**TASK DIRECTIONS**. Give again, exactly as written, each line of the material below starting at the line that contains "G01X4.0354Y-4.4321" and ending at the line that contains "# KiCad board". Both ends count, and no other line does.
== Segment start ==
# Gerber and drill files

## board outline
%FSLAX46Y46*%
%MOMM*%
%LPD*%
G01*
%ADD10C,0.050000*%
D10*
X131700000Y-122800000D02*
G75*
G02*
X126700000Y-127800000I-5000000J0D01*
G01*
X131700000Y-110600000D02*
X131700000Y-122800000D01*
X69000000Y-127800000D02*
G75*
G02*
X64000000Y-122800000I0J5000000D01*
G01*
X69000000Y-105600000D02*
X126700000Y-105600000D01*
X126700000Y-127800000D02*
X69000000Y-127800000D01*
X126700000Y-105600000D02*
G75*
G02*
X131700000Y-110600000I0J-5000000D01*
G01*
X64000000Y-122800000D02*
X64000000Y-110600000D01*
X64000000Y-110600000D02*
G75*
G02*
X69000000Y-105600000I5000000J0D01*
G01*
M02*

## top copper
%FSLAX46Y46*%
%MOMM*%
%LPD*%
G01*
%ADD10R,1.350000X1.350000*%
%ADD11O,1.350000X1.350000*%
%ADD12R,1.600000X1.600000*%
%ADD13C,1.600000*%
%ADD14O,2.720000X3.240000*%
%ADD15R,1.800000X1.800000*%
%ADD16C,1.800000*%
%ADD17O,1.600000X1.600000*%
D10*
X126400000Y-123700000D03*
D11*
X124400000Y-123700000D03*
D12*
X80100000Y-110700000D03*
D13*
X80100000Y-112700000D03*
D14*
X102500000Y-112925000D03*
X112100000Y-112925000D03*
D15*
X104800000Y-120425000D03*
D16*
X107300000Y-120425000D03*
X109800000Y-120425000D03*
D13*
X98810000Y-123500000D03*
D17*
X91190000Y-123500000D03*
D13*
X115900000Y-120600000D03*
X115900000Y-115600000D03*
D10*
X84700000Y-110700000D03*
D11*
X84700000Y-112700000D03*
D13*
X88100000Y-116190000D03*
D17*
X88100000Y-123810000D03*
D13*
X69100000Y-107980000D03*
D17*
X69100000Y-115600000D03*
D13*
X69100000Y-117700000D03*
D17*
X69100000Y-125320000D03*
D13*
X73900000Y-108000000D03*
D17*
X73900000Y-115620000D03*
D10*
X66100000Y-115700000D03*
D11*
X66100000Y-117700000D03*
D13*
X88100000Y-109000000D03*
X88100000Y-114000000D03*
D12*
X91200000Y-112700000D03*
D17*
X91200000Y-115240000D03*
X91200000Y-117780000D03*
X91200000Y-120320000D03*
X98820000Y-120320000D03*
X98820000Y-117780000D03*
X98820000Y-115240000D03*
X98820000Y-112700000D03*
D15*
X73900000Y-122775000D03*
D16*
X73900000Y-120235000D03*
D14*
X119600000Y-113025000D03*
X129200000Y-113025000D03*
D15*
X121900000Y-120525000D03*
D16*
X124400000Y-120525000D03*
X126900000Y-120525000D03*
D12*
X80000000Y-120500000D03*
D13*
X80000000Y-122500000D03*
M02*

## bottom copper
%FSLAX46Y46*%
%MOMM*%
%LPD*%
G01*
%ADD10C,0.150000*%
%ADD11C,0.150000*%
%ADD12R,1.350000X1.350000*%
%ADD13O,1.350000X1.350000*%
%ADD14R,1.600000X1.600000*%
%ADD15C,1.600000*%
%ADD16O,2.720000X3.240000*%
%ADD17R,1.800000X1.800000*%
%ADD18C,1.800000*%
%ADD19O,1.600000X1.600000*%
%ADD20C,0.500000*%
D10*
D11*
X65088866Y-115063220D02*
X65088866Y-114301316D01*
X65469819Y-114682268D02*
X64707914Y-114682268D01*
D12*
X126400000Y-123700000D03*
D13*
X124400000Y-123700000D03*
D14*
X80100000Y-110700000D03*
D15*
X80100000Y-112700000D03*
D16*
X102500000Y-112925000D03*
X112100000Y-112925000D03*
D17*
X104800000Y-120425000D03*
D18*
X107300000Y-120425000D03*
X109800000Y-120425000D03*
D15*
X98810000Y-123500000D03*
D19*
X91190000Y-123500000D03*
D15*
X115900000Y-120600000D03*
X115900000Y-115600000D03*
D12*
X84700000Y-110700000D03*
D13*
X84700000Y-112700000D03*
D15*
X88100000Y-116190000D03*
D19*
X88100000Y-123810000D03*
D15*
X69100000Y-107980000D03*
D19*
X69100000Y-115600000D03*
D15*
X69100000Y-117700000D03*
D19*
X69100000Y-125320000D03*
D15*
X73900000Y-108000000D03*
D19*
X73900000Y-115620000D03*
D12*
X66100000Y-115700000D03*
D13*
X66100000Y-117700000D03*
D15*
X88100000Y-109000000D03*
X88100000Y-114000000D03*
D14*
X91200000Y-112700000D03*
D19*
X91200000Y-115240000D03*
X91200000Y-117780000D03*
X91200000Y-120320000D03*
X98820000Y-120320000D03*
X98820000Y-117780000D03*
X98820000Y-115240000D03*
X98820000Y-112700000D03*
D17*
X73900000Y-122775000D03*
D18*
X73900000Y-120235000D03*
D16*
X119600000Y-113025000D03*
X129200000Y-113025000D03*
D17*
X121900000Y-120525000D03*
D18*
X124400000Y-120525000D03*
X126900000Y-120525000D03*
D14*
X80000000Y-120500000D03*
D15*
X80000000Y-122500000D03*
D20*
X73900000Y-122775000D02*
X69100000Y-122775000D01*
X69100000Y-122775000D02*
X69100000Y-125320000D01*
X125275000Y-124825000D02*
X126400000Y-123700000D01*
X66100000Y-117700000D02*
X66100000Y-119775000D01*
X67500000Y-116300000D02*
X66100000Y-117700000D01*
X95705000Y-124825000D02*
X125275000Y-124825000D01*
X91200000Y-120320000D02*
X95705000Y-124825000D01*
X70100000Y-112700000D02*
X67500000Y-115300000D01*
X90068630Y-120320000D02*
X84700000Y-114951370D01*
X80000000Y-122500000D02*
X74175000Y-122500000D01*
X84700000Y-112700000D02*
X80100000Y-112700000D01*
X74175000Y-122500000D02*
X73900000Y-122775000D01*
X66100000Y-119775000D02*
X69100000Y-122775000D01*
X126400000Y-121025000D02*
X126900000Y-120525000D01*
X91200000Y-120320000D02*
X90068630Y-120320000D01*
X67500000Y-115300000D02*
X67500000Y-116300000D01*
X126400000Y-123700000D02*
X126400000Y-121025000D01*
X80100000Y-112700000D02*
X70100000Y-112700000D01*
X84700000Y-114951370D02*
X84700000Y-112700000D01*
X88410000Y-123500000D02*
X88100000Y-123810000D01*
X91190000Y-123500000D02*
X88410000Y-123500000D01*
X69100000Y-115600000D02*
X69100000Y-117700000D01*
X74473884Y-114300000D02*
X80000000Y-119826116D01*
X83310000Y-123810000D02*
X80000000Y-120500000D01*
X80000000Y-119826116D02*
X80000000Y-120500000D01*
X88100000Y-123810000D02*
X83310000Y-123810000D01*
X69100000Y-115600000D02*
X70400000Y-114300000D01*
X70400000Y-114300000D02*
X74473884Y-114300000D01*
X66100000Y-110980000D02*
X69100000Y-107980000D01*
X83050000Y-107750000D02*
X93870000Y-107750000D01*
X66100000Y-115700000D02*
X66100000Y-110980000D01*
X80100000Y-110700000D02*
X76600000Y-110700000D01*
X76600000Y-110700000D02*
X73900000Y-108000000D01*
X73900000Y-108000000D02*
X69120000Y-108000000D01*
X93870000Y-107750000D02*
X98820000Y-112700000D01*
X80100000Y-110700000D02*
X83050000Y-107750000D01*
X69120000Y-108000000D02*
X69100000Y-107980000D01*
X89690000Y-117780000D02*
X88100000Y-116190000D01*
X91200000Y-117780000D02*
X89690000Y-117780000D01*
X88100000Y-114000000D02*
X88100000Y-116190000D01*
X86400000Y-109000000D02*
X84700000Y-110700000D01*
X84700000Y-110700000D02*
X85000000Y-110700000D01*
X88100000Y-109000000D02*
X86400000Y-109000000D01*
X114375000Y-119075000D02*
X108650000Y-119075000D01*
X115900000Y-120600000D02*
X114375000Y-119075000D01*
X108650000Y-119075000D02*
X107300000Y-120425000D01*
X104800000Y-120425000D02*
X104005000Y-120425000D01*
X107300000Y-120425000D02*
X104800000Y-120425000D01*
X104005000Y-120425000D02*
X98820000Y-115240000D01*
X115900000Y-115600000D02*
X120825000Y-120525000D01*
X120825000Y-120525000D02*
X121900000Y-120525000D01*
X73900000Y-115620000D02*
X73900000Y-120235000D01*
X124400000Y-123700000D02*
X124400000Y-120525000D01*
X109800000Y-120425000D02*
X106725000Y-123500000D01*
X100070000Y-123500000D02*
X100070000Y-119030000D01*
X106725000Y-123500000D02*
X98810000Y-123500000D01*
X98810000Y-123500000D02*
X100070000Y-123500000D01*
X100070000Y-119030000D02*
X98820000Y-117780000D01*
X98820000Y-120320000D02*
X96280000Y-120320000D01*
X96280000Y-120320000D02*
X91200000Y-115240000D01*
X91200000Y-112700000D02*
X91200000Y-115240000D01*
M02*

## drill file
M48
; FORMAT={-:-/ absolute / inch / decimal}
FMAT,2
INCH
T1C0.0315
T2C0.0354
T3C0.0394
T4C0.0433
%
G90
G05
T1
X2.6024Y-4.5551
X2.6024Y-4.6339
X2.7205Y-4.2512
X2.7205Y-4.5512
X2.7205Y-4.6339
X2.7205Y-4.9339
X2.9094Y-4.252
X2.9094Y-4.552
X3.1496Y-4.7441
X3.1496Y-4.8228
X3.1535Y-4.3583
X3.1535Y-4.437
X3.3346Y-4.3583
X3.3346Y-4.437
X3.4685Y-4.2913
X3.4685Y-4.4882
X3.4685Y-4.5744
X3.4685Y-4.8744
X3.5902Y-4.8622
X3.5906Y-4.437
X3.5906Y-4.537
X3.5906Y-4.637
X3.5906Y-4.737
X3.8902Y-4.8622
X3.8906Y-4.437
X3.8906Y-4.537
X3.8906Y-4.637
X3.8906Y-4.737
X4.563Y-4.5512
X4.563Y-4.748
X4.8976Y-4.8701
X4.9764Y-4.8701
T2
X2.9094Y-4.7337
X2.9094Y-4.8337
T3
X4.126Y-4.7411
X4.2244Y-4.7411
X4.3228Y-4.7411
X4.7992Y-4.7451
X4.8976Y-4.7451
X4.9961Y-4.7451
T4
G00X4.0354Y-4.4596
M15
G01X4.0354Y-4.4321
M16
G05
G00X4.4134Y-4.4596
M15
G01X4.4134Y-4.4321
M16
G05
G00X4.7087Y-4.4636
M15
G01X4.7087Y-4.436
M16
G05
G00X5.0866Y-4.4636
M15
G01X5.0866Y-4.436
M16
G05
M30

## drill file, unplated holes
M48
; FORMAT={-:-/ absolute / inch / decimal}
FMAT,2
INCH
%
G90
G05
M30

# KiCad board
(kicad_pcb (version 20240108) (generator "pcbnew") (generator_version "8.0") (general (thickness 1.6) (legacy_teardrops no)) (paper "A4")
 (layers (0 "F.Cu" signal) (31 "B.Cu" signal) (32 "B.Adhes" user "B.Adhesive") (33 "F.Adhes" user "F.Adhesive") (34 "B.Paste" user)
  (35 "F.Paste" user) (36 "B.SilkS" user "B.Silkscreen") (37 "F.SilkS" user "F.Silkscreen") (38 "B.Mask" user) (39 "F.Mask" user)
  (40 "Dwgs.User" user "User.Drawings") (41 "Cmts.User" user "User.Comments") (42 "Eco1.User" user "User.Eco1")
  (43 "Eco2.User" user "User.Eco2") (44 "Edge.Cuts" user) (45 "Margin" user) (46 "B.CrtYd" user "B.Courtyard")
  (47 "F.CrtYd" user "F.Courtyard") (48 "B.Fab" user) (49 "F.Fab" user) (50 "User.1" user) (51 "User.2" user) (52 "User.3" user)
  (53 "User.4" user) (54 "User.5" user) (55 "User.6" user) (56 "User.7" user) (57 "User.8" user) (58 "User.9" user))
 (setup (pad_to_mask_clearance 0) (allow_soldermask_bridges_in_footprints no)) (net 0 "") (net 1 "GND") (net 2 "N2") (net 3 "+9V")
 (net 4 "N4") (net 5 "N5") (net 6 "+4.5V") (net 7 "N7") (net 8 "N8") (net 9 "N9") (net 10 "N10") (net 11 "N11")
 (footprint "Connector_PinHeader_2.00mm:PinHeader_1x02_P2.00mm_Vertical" (layer "F.Cu") (at 126.4 123.7 -90)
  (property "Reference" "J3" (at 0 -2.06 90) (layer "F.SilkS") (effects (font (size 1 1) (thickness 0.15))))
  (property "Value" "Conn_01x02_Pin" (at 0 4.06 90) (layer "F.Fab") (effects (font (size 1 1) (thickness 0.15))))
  (pad "1" thru_hole rect (at 0 0 270) (size 1.35 1.35) (drill 0.8) (layers "*.Cu" "*.Mask") (remove_unused_layers no) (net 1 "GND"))
  (pad "2" thru_hole oval (at 0 2 270) (size 1.35 1.35) (drill 0.8) (layers "*.Cu" "*.Mask") (remove_unused_layers no) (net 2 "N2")))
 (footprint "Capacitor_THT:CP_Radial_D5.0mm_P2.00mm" (layer "F.Cu") (at 80.1 110.7 -90)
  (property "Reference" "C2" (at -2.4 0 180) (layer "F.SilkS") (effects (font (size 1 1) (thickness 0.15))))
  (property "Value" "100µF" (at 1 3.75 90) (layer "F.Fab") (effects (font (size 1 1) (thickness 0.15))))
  (pad "1" thru_hole rect (at 0 0 270) (size 1.6 1.6) (drill 0.8) (layers "*.Cu" "*.Mask") (remove_unused_layers no) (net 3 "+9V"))
  (pad "2" thru_hole circle (at 2 0 270) (size 1.6 1.6) (drill 0.8) (layers "*.Cu" "*.Mask") (remove_unused_layers no) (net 1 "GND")))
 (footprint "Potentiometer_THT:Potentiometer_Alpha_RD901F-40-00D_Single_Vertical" (layer "F.Cu") (at 104.8 120.425 90)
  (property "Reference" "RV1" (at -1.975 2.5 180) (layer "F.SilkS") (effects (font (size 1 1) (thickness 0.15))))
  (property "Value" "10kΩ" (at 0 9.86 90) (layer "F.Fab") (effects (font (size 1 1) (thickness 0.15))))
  (pad "" thru_hole oval (at 7.5 -2.3 180) (size 2.72 3.24) (drill oval 1.1 1.8) (layers "*.Cu" "*.Mask") (remove_unused_layers no))
  (pad "" thru_hole oval (at 7.5 7.3 180) (size 2.72 3.24) (drill oval 1.1 1.8) (layers "*.Cu" "*.Mask") (remove_unused_layers no))
  (pad "1" thru_hole rect (at 0 0 180) (size 1.8 1.8) (drill 1) (layers "*.Cu" "*.Mask") (remove_unused_layers no) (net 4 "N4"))
  (pad "2" thru_hole circle (at 0 2.5 180) (size 1.8 1.8) (drill 1) (layers "*.Cu" "*.Mask") (remove_unused_layers no) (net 4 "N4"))
  (pad "3" thru_hole circle (at 0 5 180) (size 1.8 1.8) (drill 1) (layers "*.Cu" "*.Mask") (remove_unused_layers no) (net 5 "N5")))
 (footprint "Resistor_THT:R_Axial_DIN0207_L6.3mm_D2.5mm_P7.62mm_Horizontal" (layer "F.Cu") (at 98.81 123.5 180)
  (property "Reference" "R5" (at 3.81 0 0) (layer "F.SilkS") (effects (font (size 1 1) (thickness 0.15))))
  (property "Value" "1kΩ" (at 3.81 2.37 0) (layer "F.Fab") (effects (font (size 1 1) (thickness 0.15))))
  (pad "1" thru_hole circle (at 0 0 180) (size 1.6 1.6) (drill 0.8) (layers "*.Cu" "*.Mask") (remove_unused_layers no) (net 5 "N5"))
  (pad "2" thru_hole oval (at 7.62 0 180) (size 1.6 1.6) (drill 0.8) (layers "*.Cu" "*.Mask") (remove_unused_layers no) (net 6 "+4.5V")))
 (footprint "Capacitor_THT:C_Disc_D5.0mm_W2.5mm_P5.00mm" (layer "F.Cu") (at 115.9 120.6 90)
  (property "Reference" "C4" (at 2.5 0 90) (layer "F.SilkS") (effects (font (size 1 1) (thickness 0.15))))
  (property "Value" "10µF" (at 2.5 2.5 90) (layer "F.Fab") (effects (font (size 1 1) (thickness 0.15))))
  (pad "1" thru_hole circle (at 0 0 90) (size 1.6 1.6) (drill 0.8) (layers "*.Cu" "*.Mask") (remove_unused_layers no) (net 4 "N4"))
  (pad "2" thru_hole circle (at 5 0 90) (size 1.6 1.6) (drill 0.8) (layers "*.Cu" "*.Mask") (remove_unused_layers no) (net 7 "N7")))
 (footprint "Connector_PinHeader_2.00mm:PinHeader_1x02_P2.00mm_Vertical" (layer "F.Cu") (at 84.7 110.7)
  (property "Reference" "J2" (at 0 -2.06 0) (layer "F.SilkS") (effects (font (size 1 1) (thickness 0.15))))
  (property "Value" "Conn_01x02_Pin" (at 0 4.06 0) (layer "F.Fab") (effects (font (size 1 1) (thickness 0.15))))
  (pad "1" thru_hole rect (at 0 0) (size 1.35 1.35) (drill 0.8) (layers "*.Cu" "*.Mask") (remove_unused_layers no) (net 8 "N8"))
  (pad "2" thru_hole oval (at 0 2) (size 1.35 1.35) (drill 0.8) (layers "*.Cu" "*.Mask") (remove_unused_layers no) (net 1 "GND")))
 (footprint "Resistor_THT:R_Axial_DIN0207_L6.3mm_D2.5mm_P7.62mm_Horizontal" (layer "F.Cu") (at 88.1 116.19 -90)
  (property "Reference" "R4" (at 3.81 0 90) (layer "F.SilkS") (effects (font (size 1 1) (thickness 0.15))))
== Segment end ==
**ANSWER AREA**.
G01X4.0354Y-4.4321
M16
G05
G00X4.4134Y-4.4596
M15
G01X4.4134Y-4.4321
M16
G05
G00X4.7087Y-4.4636
M15
G01X4.7087Y-4.436
M16
G05
G00X5.0866Y-4.4636
M15
G01X5.0866Y-4.436
M16
G05
M30

## drill file, unplated holes
M48
; FORMAT={-:-/ absolute / inch / decimal}
FMAT,2
INCH
%
G90
G05
M30

# KiCad board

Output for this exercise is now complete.